### What is required:
Every line containing the word "signal" must be pulled from the records.
========================================
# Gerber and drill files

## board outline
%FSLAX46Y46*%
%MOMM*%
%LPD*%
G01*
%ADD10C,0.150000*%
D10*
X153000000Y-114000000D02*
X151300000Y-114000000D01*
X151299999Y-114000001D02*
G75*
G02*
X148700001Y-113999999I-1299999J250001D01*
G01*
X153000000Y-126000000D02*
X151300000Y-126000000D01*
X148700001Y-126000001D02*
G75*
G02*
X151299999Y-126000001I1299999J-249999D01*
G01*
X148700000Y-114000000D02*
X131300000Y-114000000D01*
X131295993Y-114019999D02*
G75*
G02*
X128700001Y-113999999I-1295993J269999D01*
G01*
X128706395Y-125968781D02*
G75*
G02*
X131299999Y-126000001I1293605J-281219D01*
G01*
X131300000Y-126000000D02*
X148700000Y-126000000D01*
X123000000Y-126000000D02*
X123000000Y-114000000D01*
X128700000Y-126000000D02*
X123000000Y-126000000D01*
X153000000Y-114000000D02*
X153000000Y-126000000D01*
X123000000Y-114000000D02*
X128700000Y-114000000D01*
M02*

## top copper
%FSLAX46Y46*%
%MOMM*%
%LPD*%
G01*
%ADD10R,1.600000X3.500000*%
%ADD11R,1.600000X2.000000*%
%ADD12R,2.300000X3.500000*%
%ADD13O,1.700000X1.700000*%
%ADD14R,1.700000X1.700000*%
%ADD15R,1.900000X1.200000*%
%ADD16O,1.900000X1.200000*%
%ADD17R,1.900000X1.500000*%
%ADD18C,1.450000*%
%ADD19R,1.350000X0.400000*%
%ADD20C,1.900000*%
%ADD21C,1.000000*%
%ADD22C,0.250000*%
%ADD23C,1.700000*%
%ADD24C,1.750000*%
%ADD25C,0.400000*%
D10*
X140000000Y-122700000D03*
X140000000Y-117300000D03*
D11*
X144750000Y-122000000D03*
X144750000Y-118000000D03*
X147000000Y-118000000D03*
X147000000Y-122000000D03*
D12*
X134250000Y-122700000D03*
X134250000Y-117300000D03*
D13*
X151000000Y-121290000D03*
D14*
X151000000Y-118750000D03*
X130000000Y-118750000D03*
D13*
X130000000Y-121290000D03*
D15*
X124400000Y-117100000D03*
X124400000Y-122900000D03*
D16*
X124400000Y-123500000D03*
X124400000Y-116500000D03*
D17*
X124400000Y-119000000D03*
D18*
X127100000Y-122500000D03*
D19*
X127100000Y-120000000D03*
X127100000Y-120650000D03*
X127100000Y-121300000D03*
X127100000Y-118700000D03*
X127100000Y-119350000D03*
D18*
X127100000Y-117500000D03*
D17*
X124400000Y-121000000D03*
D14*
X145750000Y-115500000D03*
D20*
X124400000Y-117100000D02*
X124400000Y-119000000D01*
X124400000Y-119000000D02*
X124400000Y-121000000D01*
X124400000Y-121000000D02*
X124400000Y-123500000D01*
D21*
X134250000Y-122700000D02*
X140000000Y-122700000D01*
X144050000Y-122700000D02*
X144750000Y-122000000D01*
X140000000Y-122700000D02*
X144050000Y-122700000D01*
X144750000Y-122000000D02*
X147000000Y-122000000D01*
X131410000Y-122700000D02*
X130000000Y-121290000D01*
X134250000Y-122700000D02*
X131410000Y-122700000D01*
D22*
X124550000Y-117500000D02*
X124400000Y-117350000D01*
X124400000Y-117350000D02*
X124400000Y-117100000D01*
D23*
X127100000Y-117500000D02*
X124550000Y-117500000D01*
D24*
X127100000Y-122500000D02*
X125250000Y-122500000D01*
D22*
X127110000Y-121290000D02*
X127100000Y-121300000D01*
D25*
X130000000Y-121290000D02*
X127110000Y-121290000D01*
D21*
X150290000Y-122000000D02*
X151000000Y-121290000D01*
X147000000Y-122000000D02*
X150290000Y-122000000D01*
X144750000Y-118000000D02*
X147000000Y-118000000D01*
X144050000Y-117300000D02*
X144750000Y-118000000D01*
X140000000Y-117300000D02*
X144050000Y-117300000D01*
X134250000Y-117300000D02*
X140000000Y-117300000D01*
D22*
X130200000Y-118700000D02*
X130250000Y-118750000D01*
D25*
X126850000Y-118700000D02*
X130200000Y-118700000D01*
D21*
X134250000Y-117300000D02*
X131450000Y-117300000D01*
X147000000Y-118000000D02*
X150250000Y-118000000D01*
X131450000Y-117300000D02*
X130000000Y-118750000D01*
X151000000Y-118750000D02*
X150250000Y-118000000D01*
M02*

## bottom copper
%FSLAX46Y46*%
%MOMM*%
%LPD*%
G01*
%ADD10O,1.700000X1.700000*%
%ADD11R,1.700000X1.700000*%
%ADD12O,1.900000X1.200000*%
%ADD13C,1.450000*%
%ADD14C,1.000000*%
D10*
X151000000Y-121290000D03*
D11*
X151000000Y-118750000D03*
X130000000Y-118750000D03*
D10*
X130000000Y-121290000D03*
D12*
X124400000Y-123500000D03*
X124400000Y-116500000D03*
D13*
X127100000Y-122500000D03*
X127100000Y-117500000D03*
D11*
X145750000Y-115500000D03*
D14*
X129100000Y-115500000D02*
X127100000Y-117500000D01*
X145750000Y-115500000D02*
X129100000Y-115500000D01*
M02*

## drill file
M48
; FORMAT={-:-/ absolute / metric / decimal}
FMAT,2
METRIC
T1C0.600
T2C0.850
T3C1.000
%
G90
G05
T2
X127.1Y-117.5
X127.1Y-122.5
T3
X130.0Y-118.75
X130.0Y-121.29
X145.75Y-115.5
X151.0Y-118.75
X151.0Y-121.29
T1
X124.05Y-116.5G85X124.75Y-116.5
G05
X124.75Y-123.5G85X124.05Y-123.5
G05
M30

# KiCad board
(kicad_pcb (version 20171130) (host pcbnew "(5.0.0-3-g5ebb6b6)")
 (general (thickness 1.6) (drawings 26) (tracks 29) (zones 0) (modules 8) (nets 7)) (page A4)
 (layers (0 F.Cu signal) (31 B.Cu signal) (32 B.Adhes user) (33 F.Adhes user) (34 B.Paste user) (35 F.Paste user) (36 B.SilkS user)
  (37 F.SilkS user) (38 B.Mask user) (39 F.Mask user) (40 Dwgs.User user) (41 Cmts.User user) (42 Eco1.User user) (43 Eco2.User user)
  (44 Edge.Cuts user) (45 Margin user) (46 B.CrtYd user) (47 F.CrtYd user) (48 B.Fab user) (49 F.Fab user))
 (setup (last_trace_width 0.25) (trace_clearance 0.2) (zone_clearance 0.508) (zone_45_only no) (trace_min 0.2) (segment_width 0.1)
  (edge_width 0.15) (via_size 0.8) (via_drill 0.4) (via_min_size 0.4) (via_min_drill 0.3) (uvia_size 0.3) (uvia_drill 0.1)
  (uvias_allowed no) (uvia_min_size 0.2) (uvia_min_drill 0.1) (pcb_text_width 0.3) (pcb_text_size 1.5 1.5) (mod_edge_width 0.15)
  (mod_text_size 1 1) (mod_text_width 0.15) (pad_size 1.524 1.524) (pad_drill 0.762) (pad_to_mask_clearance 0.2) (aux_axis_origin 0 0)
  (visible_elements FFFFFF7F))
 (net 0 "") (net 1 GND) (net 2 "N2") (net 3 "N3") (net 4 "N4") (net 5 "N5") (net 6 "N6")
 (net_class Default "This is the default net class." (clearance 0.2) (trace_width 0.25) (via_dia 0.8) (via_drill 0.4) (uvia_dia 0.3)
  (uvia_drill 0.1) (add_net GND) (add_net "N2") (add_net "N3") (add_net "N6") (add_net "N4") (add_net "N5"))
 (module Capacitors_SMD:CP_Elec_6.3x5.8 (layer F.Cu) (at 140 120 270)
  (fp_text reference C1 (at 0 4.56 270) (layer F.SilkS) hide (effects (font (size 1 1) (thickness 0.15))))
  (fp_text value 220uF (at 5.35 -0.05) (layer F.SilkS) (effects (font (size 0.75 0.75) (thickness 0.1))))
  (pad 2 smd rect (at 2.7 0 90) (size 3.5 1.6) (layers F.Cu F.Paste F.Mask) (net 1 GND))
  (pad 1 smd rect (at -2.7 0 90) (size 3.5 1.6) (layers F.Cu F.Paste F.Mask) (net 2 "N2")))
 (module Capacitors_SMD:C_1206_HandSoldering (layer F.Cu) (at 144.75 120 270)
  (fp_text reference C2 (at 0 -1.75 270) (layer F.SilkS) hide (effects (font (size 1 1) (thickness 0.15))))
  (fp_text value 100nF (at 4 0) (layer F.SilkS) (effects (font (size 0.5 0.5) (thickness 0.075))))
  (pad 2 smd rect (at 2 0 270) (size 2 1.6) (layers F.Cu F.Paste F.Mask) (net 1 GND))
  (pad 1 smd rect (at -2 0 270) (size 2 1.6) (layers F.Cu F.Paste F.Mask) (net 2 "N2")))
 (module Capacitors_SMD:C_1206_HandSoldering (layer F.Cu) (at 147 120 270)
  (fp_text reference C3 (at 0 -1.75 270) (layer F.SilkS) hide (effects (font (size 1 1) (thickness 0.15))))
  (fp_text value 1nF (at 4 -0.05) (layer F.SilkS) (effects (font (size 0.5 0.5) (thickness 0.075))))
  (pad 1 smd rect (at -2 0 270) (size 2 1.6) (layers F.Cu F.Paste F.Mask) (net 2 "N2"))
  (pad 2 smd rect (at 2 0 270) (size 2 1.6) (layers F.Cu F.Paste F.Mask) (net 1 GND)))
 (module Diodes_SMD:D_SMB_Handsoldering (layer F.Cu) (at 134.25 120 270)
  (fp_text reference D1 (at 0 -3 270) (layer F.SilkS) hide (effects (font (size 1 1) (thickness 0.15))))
========================================
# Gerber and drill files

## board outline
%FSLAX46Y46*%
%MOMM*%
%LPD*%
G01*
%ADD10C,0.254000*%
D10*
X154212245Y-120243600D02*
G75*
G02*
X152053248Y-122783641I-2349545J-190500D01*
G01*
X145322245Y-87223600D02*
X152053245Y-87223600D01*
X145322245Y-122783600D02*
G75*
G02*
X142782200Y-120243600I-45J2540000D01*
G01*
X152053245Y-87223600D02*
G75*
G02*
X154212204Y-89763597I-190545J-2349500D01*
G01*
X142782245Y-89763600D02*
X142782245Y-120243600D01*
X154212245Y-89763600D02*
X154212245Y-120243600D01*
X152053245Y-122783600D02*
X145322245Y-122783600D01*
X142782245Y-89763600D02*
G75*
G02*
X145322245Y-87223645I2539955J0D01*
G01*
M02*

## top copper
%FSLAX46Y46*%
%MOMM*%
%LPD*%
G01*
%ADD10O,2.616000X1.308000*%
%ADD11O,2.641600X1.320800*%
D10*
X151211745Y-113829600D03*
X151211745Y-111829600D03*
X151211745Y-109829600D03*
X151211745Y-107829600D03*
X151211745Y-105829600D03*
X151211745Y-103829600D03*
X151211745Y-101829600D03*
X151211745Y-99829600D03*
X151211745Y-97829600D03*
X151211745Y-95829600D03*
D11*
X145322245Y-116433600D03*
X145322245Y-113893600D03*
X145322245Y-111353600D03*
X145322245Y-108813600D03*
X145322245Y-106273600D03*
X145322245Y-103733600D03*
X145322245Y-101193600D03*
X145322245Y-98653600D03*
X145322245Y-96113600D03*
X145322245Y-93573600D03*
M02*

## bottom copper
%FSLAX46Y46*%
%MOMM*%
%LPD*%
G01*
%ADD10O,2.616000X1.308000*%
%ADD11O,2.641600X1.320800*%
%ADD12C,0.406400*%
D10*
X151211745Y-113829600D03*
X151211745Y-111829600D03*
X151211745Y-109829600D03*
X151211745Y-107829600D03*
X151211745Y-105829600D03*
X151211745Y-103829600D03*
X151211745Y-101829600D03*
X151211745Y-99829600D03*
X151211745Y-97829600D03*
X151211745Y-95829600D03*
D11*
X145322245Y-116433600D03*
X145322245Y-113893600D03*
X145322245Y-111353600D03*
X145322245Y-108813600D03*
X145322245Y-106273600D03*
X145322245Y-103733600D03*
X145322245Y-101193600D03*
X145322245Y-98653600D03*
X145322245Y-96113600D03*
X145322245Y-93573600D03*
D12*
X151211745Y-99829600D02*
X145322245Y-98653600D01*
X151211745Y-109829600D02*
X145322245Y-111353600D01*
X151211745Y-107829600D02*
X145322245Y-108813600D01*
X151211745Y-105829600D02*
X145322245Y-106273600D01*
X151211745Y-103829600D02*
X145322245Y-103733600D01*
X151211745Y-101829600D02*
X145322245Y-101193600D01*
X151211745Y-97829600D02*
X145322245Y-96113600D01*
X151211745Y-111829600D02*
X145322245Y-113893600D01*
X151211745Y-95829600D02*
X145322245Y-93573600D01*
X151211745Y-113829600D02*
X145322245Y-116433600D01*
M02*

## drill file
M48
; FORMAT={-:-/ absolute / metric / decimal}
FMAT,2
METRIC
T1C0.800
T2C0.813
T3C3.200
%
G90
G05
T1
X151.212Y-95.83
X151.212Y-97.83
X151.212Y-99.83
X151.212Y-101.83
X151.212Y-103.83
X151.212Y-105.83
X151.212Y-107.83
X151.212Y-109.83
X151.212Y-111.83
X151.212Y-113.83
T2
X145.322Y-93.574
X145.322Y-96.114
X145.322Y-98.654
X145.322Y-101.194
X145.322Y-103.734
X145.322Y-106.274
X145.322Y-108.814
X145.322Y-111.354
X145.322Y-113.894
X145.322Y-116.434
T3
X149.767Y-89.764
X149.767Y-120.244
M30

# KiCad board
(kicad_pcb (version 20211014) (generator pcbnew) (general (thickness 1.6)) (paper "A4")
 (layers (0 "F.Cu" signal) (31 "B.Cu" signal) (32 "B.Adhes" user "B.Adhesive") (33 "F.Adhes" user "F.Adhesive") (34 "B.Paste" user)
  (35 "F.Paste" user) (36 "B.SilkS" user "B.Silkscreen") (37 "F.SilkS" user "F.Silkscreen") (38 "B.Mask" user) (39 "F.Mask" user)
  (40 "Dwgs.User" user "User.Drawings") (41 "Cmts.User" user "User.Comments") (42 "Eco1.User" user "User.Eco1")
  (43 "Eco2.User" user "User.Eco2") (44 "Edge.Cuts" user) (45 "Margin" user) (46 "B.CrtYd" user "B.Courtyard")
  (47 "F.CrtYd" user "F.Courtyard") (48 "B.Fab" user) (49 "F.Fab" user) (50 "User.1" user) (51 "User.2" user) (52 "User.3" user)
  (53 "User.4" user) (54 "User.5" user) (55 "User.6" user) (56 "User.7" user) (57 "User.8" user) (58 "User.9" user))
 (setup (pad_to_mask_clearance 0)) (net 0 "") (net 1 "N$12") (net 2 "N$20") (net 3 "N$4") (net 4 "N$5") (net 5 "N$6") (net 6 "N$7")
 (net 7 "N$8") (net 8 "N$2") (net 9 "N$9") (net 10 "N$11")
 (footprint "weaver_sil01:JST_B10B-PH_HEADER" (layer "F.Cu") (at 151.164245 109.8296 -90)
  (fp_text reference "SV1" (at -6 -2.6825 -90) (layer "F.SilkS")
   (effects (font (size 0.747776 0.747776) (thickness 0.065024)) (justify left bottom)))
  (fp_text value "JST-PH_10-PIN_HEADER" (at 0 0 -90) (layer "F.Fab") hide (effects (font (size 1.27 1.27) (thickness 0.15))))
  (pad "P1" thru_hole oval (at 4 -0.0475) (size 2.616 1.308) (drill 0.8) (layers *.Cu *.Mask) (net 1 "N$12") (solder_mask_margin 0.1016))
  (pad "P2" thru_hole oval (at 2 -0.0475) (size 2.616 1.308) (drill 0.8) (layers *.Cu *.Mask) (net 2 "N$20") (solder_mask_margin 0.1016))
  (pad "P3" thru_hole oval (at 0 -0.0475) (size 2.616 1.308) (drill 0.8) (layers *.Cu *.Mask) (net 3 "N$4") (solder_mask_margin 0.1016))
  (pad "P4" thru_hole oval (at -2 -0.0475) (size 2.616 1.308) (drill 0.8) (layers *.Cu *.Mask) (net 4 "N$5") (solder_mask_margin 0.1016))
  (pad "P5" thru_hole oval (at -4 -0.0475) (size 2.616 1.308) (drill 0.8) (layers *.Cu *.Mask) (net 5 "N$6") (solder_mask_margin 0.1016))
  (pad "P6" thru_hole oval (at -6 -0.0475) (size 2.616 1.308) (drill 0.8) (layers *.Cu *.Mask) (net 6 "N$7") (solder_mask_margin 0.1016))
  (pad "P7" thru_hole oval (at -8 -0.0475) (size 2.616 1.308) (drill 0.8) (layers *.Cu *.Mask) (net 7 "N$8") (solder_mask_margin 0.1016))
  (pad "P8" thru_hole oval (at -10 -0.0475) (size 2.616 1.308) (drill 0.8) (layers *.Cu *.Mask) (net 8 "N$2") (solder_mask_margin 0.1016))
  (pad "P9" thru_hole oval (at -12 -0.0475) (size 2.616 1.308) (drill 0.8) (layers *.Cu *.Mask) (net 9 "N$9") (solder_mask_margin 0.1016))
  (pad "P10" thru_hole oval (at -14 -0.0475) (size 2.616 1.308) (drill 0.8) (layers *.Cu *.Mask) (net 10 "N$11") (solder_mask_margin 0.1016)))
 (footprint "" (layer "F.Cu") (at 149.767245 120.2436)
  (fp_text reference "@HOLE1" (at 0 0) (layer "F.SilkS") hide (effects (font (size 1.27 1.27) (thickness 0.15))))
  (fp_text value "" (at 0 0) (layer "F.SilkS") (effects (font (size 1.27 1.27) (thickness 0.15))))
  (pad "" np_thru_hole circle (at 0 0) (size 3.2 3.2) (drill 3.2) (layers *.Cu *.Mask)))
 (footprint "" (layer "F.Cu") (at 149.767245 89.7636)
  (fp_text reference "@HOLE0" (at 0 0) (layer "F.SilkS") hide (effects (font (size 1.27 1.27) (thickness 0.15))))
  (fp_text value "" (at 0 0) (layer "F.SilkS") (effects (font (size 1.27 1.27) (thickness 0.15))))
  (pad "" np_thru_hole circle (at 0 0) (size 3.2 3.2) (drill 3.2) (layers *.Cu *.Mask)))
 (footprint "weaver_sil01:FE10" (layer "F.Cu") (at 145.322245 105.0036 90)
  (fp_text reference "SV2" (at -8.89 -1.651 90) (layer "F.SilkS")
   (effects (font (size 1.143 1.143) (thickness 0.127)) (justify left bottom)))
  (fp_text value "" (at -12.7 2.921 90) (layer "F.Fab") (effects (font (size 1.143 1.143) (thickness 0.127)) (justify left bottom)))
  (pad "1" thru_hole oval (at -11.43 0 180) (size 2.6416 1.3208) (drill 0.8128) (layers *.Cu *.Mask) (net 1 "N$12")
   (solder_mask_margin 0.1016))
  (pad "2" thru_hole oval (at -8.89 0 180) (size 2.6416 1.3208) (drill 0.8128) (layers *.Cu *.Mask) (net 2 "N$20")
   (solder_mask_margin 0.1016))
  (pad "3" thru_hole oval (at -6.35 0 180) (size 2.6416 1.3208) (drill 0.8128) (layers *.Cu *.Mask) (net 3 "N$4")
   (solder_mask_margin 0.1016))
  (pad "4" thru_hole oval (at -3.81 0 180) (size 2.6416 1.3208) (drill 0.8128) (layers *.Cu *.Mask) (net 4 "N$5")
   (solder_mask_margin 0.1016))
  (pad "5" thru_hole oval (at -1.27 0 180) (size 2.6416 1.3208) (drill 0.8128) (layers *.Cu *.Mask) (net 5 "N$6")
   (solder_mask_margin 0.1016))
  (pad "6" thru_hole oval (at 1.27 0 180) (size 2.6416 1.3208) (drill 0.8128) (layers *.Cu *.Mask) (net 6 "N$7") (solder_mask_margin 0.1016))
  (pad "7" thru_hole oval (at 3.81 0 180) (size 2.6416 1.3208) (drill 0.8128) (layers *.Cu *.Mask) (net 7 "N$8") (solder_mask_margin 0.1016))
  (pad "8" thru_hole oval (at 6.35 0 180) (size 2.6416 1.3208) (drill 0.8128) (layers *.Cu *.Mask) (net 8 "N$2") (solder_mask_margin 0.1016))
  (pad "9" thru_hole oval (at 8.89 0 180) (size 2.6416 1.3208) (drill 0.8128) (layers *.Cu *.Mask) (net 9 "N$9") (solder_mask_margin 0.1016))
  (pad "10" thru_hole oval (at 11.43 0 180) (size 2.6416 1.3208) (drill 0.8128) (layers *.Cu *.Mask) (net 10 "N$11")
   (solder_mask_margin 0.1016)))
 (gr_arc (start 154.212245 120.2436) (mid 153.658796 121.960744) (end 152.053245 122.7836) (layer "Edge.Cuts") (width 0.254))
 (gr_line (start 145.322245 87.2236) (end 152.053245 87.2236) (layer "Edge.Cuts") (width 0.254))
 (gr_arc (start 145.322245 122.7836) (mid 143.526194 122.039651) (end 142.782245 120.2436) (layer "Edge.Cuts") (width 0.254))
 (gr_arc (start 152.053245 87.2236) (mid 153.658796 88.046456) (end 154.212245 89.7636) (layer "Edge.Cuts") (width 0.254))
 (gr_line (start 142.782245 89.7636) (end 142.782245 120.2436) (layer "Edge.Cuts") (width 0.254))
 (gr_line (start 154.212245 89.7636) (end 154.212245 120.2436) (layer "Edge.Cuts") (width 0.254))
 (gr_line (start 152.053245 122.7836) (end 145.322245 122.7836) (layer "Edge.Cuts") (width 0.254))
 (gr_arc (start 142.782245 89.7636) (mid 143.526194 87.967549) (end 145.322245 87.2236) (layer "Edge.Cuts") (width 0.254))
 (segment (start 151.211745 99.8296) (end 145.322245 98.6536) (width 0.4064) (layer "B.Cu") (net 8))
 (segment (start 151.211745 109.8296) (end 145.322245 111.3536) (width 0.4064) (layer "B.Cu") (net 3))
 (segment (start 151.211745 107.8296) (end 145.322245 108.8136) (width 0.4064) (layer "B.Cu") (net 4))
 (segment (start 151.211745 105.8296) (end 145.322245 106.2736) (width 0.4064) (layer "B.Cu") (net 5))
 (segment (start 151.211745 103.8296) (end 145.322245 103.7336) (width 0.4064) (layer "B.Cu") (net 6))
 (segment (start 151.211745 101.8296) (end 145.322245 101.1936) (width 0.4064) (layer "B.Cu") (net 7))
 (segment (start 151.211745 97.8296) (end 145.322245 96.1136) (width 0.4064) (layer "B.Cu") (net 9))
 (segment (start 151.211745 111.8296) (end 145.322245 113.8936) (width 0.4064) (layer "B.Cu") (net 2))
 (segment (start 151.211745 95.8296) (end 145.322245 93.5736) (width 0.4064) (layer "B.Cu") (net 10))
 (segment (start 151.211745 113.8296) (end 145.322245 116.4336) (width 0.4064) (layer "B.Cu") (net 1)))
========================================
### Output for this task:
 (layers (0 F.Cu signal) (31 B.Cu signal) (32 B.Adhes user) (33 F.Adhes user) (34 B.Paste user) (35 F.Paste user) (36 B.SilkS user)
 (layers (0 "F.Cu" signal) (31 "B.Cu" signal) (32 "B.Adhes" user "B.Adhesive") (33 "F.Adhes" user "F.Adhesive") (34 "B.Paste" user)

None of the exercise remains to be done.